What is expected: Go to the line in the entries below that holds "(pad 9 smd rect" and repeat exactly from there through the line that holds "(module Resistors_SMD:R_0402 (layer B.Cu) (at 131.7244", inclusive.

(Saved data entries)
^^^^

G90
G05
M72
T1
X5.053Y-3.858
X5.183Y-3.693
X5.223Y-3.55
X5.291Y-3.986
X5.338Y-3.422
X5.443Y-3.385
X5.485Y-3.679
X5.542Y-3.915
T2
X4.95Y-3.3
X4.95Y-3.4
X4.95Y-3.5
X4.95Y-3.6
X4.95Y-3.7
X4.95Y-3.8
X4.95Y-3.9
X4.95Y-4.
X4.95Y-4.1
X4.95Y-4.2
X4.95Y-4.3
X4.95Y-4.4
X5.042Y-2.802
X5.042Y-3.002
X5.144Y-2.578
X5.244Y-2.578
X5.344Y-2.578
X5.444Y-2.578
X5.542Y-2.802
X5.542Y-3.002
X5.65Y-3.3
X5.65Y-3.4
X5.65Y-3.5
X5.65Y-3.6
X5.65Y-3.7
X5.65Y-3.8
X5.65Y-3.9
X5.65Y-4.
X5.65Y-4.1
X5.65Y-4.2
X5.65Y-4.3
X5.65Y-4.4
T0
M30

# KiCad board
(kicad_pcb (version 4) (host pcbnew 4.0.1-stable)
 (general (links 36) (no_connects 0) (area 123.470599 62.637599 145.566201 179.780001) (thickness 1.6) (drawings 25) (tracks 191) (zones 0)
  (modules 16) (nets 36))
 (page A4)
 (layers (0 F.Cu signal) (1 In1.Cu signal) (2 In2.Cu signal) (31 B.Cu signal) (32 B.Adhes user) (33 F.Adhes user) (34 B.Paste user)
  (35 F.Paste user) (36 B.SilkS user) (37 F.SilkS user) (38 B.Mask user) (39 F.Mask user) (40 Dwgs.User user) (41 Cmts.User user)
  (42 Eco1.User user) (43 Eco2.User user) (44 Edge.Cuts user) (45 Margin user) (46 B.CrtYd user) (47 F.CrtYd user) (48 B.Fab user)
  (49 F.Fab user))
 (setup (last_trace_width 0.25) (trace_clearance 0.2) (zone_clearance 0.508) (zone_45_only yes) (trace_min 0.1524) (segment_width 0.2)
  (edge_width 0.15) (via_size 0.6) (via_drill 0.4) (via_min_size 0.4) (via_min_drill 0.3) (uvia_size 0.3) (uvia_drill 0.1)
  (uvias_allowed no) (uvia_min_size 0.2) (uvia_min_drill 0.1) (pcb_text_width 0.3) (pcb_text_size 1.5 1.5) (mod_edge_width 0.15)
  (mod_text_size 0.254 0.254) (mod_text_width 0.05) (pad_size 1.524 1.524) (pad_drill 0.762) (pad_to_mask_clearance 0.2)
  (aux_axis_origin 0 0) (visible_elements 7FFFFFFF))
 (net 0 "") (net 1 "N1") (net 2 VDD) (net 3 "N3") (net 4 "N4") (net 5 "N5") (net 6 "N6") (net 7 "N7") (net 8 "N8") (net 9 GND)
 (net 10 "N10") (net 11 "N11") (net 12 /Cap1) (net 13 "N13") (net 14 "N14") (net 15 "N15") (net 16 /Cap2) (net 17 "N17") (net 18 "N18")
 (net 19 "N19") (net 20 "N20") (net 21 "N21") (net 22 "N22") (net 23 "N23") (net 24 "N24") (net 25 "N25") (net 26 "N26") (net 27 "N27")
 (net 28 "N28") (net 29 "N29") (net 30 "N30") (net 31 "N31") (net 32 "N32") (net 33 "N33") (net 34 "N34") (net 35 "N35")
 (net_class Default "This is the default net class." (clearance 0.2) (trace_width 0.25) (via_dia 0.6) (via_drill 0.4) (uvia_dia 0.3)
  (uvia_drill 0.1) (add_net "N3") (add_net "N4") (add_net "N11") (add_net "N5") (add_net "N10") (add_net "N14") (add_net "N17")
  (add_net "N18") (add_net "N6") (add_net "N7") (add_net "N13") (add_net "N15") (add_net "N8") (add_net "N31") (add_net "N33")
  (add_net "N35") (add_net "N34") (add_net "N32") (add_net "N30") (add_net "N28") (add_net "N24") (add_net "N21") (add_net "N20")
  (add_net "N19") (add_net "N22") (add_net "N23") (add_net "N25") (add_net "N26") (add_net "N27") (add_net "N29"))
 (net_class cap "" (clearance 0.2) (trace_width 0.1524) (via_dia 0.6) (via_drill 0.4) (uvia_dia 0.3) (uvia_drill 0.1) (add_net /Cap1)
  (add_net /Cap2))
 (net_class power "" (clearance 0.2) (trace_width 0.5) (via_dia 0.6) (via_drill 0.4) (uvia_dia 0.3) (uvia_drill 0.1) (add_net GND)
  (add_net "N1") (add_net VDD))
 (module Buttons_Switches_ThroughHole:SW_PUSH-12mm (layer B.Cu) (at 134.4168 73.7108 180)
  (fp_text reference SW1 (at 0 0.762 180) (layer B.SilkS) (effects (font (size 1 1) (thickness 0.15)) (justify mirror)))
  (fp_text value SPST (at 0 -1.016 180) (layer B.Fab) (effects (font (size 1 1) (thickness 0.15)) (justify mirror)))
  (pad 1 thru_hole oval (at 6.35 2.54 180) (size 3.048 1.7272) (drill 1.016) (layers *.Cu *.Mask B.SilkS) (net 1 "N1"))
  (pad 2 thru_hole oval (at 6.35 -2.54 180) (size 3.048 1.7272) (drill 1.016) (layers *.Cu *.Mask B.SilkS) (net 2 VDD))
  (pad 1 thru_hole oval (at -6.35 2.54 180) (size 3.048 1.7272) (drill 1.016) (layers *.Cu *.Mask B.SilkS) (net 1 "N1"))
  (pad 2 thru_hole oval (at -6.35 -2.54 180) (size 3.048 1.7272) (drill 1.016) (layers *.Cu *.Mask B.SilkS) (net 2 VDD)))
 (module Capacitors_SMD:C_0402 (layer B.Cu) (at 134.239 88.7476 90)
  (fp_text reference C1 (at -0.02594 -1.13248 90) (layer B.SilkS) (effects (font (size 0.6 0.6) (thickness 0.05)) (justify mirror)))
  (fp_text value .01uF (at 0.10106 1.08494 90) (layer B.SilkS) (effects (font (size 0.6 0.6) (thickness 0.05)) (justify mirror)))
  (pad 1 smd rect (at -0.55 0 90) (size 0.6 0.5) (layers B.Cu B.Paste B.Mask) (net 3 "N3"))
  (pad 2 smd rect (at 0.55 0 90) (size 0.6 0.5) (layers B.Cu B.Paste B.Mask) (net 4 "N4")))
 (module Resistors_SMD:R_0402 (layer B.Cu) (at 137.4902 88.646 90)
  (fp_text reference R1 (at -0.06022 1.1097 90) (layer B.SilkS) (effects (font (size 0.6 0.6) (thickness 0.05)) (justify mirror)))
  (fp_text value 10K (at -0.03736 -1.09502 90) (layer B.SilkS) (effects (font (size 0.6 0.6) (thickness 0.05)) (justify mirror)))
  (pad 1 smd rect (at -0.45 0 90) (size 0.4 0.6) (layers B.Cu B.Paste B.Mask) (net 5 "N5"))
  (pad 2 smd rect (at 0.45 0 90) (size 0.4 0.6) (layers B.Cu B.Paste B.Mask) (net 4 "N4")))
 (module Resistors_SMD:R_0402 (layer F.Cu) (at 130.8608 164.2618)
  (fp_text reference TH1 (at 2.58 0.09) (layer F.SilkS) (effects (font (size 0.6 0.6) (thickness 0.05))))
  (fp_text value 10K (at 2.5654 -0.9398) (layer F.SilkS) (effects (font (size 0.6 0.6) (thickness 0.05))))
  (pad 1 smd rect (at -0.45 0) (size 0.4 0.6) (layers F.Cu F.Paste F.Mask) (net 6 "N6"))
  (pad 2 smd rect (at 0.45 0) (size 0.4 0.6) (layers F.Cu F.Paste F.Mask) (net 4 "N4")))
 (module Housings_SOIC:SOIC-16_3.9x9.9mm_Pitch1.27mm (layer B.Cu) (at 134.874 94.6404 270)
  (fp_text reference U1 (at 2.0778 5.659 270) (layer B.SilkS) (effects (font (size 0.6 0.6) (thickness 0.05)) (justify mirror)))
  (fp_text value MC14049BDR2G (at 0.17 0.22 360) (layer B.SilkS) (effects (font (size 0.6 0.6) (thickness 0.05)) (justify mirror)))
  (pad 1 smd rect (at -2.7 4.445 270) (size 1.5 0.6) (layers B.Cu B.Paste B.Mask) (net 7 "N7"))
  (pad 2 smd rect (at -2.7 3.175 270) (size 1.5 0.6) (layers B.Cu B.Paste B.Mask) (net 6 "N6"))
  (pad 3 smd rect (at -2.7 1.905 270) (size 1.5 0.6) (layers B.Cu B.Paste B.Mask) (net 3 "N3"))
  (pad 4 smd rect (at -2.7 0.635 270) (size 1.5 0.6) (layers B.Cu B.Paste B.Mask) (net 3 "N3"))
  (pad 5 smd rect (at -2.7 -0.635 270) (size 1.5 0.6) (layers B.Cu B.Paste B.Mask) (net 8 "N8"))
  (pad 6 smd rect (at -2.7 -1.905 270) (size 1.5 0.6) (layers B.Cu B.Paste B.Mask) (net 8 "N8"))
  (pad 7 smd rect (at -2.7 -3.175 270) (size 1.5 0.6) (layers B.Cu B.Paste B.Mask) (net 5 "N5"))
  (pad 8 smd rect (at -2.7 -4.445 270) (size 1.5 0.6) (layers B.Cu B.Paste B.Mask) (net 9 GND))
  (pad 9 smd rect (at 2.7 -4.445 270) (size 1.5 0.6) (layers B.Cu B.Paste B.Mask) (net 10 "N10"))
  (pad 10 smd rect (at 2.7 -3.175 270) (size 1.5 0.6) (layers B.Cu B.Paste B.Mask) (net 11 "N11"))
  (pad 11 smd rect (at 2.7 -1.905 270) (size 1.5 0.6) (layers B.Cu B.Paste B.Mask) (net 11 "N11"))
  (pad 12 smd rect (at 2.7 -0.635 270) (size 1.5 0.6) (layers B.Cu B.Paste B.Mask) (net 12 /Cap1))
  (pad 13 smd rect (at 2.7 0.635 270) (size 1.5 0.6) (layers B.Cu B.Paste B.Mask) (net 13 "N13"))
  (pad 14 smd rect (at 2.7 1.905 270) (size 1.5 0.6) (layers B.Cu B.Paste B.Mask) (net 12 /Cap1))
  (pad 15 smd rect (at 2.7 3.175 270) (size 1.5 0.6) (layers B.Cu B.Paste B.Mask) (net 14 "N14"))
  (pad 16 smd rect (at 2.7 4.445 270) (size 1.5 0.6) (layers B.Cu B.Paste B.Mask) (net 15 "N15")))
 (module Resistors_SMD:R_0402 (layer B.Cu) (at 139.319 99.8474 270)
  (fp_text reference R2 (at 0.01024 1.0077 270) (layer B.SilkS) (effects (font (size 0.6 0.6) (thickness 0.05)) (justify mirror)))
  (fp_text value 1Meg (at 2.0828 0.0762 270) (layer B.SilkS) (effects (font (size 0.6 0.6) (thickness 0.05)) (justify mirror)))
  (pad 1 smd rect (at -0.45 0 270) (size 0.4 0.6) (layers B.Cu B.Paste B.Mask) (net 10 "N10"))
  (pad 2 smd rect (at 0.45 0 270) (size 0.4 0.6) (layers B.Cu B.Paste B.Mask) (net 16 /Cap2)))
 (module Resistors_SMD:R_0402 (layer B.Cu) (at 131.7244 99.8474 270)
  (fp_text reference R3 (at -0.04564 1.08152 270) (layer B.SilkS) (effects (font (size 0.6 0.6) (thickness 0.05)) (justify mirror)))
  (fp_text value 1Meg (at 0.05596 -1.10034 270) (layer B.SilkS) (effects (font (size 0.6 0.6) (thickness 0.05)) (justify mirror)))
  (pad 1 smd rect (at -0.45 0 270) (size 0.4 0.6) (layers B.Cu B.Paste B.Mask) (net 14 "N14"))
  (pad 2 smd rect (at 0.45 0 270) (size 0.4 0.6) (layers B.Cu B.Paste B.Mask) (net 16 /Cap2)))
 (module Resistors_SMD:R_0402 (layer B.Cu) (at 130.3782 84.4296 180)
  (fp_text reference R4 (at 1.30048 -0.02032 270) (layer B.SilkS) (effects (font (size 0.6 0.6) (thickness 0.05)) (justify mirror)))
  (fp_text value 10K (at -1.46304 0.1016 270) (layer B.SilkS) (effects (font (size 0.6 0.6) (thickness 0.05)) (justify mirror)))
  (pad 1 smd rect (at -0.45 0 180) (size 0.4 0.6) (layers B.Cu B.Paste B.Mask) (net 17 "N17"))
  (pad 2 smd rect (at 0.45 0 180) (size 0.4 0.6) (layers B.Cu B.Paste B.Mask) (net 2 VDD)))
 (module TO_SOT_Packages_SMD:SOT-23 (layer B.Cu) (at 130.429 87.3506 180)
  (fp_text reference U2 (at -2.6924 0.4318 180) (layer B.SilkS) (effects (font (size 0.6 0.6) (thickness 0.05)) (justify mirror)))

^^^^

Reply to the task:
  (pad 9 smd rect (at 2.7 -4.445 270) (size 1.5 0.6) (layers B.Cu B.Paste B.Mask) (net 10 "N10"))
  (pad 10 smd rect (at 2.7 -3.175 270) (size 1.5 0.6) (layers B.Cu B.Paste B.Mask) (net 11 "N11"))
  (pad 11 smd rect (at 2.7 -1.905 270) (size 1.5 0.6) (layers B.Cu B.Paste B.Mask) (net 11 "N11"))
  (pad 12 smd rect (at 2.7 -0.635 270) (size 1.5 0.6) (layers B.Cu B.Paste B.Mask) (net 12 /Cap1))
  (pad 13 smd rect (at 2.7 0.635 270) (size 1.5 0.6) (layers B.Cu B.Paste B.Mask) (net 13 "N13"))
  (pad 14 smd rect (at 2.7 1.905 270) (size 1.5 0.6) (layers B.Cu B.Paste B.Mask) (net 12 /Cap1))
  (pad 15 smd rect (at 2.7 3.175 270) (size 1.5 0.6) (layers B.Cu B.Paste B.Mask) (net 14 "N14"))
  (pad 16 smd rect (at 2.7 4.445 270) (size 1.5 0.6) (layers B.Cu B.Paste B.Mask) (net 15 "N15")))
 (module Resistors_SMD:R_0402 (layer B.Cu) (at 139.319 99.8474 270)
  (fp_text reference R2 (at 0.01024 1.0077 270) (layer B.SilkS) (effects (font (size 0.6 0.6) (thickness 0.05)) (justify mirror)))
  (fp_text value 1Meg (at 2.0828 0.0762 270) (layer B.SilkS) (effects (font (size 0.6 0.6) (thickness 0.05)) (justify mirror)))
  (pad 1 smd rect (at -0.45 0 270) (size 0.4 0.6) (layers B.Cu B.Paste B.Mask) (net 10 "N10"))
  (pad 2 smd rect (at 0.45 0 270) (size 0.4 0.6) (layers B.Cu B.Paste B.Mask) (net 16 /Cap2)))
 (module Resistors_SMD:R_0402 (layer B.Cu) (at 131.7244 99.8474 270)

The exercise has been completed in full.